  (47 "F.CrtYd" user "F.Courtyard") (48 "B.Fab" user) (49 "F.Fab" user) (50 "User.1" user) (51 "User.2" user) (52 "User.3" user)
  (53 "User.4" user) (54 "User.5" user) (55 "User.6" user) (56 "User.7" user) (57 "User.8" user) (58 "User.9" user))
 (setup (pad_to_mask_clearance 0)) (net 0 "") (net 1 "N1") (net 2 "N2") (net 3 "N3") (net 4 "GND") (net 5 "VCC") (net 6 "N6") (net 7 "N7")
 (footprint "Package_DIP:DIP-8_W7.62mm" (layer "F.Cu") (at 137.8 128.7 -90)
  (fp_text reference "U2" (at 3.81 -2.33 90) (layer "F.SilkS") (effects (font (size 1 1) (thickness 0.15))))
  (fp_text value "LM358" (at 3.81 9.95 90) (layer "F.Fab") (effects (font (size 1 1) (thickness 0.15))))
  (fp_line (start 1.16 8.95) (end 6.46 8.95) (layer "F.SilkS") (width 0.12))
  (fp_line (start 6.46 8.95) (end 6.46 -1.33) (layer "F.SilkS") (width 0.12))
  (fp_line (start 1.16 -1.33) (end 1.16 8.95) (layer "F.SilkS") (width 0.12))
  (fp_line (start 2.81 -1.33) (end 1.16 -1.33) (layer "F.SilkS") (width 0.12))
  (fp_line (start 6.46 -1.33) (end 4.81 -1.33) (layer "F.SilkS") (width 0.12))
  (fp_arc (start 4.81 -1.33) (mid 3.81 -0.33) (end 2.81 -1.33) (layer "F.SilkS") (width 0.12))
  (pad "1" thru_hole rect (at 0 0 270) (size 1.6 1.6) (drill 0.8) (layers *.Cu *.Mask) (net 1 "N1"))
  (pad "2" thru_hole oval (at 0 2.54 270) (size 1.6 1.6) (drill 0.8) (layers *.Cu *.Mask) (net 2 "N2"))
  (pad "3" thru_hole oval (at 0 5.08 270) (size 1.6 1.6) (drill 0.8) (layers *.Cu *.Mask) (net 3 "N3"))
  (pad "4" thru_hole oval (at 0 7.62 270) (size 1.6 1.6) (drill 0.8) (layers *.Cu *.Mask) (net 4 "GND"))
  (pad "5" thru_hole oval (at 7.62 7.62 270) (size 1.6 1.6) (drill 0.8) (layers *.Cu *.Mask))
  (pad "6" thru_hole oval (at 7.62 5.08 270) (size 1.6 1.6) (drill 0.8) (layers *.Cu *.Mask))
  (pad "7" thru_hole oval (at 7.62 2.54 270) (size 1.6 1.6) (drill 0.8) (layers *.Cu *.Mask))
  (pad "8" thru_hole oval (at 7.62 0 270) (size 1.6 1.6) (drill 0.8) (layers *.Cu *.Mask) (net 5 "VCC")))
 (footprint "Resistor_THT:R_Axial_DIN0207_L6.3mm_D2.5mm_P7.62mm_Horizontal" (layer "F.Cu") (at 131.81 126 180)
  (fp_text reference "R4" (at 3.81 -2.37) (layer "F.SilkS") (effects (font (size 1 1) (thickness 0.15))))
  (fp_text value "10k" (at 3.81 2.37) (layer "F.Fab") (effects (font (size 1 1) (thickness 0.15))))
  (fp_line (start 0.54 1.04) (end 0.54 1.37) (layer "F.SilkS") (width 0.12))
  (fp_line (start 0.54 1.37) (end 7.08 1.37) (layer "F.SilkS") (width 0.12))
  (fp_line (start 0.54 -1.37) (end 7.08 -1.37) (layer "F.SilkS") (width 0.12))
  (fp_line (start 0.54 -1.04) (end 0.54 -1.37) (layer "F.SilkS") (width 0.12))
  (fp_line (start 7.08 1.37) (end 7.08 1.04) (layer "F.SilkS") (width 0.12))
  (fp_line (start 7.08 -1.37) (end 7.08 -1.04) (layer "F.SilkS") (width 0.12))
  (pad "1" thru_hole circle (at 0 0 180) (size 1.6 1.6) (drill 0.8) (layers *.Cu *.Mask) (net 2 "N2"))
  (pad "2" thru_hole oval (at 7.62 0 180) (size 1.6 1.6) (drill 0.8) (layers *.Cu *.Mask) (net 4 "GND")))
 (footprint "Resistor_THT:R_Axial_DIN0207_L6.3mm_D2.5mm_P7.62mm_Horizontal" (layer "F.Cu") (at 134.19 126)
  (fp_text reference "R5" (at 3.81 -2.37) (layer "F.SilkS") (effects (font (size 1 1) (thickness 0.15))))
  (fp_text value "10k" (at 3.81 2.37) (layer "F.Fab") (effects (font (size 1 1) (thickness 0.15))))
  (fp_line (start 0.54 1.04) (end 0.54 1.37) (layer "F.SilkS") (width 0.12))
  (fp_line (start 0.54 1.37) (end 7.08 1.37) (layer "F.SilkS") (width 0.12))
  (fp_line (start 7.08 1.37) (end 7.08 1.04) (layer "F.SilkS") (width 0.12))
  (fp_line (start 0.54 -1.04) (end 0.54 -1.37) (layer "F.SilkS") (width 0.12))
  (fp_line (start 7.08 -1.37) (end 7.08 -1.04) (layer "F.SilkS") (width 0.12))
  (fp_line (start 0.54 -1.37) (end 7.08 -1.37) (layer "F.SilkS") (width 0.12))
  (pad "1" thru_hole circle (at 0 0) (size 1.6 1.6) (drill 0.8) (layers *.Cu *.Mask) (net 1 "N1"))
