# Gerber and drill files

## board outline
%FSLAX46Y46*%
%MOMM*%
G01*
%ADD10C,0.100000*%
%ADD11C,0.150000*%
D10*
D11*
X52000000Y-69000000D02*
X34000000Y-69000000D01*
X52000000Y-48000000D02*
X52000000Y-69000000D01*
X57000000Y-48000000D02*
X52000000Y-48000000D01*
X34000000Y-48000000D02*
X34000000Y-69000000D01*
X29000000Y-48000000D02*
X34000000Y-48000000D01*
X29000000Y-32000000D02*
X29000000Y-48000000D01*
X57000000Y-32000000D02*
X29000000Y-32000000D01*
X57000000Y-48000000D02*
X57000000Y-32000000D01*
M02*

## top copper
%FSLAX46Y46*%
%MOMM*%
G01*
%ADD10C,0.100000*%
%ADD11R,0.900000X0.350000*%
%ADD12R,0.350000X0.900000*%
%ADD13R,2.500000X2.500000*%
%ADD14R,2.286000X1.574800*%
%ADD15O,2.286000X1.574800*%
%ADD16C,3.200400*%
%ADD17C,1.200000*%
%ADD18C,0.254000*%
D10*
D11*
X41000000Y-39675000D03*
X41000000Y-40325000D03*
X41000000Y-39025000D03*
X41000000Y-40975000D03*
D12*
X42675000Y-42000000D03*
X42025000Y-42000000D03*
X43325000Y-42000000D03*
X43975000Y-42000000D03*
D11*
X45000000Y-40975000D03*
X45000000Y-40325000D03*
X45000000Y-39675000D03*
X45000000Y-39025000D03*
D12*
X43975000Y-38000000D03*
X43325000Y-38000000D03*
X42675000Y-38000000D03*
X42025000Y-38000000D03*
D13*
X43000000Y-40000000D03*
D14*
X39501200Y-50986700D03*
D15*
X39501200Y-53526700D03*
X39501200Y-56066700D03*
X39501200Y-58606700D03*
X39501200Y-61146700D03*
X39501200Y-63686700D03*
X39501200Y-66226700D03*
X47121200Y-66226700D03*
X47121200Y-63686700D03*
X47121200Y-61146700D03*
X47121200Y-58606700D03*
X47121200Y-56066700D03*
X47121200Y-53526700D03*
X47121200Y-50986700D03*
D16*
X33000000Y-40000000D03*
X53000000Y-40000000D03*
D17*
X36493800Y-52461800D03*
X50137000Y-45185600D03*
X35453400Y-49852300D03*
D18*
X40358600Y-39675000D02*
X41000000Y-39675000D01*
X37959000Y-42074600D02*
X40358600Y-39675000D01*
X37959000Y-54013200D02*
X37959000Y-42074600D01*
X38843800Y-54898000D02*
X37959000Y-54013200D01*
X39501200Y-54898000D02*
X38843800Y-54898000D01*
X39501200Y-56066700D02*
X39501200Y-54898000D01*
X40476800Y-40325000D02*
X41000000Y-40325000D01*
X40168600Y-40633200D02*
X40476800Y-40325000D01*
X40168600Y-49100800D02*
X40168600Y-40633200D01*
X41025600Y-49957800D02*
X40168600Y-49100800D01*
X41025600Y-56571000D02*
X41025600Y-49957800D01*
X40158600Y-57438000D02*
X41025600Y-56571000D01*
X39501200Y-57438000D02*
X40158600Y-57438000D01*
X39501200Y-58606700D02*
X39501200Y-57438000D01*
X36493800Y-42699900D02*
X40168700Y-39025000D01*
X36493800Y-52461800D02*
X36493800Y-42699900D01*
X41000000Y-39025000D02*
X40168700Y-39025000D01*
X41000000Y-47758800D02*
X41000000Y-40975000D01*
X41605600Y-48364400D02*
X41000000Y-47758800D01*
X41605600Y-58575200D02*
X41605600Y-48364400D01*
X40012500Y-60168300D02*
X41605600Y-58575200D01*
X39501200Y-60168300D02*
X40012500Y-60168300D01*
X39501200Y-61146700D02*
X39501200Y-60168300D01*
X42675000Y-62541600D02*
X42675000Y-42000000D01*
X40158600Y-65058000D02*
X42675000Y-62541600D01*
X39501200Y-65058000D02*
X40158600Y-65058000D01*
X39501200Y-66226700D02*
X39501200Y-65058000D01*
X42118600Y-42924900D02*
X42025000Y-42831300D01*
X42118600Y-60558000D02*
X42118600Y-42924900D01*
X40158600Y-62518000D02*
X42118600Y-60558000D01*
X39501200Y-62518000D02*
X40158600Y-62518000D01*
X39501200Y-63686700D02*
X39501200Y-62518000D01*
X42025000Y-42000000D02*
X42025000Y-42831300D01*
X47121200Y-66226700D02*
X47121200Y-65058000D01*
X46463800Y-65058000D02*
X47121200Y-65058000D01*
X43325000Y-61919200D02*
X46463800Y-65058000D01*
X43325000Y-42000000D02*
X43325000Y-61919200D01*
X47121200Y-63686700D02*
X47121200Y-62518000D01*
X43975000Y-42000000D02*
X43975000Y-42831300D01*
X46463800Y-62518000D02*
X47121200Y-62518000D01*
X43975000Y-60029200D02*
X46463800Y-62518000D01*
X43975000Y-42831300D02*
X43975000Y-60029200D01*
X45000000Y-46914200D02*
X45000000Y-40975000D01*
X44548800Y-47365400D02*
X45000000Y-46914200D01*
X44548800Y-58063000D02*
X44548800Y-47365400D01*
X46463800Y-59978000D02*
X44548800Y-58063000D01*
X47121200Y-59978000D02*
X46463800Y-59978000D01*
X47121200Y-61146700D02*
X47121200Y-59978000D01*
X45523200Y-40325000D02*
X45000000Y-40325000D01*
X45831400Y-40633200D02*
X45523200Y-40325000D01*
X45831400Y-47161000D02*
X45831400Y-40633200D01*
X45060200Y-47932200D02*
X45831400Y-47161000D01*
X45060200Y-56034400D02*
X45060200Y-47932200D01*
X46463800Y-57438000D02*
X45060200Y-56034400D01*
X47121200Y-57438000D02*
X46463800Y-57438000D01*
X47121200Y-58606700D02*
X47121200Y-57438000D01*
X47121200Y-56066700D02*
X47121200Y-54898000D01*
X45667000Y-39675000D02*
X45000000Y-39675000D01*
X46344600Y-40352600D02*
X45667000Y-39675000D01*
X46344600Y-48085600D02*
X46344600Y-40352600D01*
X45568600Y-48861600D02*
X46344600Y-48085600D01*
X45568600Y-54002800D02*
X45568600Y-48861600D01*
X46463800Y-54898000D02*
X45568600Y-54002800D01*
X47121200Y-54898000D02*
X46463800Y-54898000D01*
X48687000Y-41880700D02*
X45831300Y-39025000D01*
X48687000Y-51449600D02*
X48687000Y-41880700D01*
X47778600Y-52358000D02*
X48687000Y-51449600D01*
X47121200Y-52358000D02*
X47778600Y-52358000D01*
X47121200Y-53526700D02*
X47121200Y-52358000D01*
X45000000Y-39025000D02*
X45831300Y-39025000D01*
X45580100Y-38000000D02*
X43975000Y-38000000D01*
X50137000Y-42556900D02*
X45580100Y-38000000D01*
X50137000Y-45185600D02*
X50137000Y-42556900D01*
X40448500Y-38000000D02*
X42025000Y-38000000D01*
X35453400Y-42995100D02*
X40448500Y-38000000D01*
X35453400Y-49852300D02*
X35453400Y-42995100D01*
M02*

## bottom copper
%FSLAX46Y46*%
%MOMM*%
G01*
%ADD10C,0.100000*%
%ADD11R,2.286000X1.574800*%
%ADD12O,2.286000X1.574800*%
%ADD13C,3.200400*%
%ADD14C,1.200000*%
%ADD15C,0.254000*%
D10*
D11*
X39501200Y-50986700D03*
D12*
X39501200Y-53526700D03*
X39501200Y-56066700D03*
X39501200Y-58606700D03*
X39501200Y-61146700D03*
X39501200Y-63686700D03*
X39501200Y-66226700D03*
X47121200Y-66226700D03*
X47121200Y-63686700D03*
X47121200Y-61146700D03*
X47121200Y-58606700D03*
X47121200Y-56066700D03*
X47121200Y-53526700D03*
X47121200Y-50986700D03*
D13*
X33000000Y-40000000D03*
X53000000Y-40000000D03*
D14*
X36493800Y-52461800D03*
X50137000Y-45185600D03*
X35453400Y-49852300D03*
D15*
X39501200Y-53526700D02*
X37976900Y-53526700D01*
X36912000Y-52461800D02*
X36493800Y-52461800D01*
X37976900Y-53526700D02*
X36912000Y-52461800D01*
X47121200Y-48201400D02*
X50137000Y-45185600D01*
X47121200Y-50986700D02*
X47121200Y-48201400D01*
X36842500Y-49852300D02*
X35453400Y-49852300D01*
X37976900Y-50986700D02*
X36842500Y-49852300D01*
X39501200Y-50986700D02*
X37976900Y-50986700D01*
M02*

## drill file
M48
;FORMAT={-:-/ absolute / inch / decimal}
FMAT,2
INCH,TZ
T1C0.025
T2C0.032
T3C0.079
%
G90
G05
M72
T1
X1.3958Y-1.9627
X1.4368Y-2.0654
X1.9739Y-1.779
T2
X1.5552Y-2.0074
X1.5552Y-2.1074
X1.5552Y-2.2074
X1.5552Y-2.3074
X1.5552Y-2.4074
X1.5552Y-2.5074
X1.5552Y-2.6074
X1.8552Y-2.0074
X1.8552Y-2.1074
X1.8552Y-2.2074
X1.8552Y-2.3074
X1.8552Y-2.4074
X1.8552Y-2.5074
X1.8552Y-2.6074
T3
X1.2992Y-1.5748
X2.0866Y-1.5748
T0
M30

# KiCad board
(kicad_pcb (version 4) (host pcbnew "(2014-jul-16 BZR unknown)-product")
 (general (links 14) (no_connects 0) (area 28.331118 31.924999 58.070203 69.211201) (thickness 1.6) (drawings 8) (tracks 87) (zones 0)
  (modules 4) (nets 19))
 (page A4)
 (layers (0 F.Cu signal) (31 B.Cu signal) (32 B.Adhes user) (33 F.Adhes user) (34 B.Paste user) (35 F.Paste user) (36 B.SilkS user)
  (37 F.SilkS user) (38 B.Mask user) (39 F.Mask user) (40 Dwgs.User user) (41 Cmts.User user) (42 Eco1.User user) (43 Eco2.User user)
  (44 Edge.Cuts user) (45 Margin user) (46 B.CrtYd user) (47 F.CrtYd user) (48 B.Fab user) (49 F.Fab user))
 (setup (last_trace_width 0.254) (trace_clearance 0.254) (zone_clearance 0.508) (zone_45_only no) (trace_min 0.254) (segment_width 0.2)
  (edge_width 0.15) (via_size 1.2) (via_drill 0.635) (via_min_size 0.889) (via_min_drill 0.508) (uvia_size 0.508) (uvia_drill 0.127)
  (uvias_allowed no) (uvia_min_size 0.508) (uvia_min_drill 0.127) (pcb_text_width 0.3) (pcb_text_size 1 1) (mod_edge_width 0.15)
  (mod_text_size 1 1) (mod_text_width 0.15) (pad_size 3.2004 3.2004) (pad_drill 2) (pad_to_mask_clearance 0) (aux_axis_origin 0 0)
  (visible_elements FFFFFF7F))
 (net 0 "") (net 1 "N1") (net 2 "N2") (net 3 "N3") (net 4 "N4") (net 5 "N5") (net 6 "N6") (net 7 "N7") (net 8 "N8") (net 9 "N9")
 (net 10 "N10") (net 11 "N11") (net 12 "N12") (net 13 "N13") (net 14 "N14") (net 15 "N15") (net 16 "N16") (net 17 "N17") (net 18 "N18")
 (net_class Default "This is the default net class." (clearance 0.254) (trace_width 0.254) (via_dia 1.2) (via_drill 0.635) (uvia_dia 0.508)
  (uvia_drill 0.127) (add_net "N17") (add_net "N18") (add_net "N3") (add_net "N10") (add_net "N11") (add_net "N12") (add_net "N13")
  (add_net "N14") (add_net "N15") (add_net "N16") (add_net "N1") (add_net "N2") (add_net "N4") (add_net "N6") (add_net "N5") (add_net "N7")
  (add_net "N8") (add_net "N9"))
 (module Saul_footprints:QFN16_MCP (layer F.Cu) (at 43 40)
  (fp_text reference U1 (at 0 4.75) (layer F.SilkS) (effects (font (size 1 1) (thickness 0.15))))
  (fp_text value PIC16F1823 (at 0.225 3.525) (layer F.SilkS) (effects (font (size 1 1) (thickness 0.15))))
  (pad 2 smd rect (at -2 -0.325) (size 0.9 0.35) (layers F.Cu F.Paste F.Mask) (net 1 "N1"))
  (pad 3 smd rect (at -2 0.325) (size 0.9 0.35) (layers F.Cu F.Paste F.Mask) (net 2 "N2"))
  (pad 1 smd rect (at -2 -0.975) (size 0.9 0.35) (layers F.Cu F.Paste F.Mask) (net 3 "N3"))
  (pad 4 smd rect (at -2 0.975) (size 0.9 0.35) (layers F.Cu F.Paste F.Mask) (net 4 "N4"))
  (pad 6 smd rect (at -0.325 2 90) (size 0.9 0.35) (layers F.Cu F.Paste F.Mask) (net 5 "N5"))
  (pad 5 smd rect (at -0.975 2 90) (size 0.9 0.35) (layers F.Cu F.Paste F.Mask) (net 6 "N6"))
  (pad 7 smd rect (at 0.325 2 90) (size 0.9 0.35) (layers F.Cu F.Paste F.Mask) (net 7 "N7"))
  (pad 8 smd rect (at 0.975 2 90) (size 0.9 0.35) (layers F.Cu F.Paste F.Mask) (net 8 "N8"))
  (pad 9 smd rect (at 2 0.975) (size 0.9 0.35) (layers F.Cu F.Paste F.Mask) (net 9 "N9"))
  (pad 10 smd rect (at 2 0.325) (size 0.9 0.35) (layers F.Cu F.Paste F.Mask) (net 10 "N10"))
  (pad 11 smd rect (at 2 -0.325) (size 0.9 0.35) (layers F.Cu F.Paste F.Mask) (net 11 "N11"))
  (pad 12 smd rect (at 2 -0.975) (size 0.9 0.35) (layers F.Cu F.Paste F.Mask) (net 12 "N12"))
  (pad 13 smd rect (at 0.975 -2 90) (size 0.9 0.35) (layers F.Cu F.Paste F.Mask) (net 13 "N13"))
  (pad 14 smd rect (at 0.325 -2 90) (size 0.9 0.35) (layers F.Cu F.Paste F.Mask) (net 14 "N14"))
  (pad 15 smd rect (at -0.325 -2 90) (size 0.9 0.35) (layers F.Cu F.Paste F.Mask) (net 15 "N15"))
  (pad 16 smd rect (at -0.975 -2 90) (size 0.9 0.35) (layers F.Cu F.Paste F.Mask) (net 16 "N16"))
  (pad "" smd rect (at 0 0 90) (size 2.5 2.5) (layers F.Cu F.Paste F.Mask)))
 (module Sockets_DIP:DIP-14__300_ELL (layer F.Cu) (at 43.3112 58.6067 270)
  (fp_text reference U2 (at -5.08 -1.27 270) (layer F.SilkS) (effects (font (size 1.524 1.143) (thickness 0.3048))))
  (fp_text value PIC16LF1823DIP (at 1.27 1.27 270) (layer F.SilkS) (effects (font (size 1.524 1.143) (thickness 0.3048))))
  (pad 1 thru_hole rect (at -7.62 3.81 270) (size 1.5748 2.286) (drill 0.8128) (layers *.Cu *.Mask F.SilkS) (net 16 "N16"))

EXERCISE DIRECTIONS: For the lines above, output exactly those from the line containing "X37959000Y-42074600D02*" through the line containing "X41000000Y-47758800D01*", and skip the others.

RESULT OF THIS EXERCISE:
X37959000Y-42074600D02*
X40358600Y-39675000D01*
X37959000Y-54013200D02*
X37959000Y-42074600D01*
X38843800Y-54898000D02*
X37959000Y-54013200D01*
X39501200Y-54898000D02*
X38843800Y-54898000D01*
X39501200Y-56066700D02*
X39501200Y-54898000D01*
X40476800Y-40325000D02*
X41000000Y-40325000D01*
X40168600Y-40633200D02*
X40476800Y-40325000D01*
X40168600Y-49100800D02*
X40168600Y-40633200D01*
X41025600Y-49957800D02*
X40168600Y-49100800D01*
X41025600Y-56571000D02*
X41025600Y-49957800D01*
X40158600Y-57438000D02*
X41025600Y-56571000D01*
X39501200Y-57438000D02*
X40158600Y-57438000D01*
X39501200Y-58606700D02*
X39501200Y-57438000D01*
X36493800Y-42699900D02*
X40168700Y-39025000D01*
X36493800Y-52461800D02*
X36493800Y-42699900D01*
X41000000Y-39025000D02*
X40168700Y-39025000D01*
X41000000Y-47758800D02*
X41000000Y-40975000D01*
X41605600Y-48364400D02*
X41000000Y-47758800D01*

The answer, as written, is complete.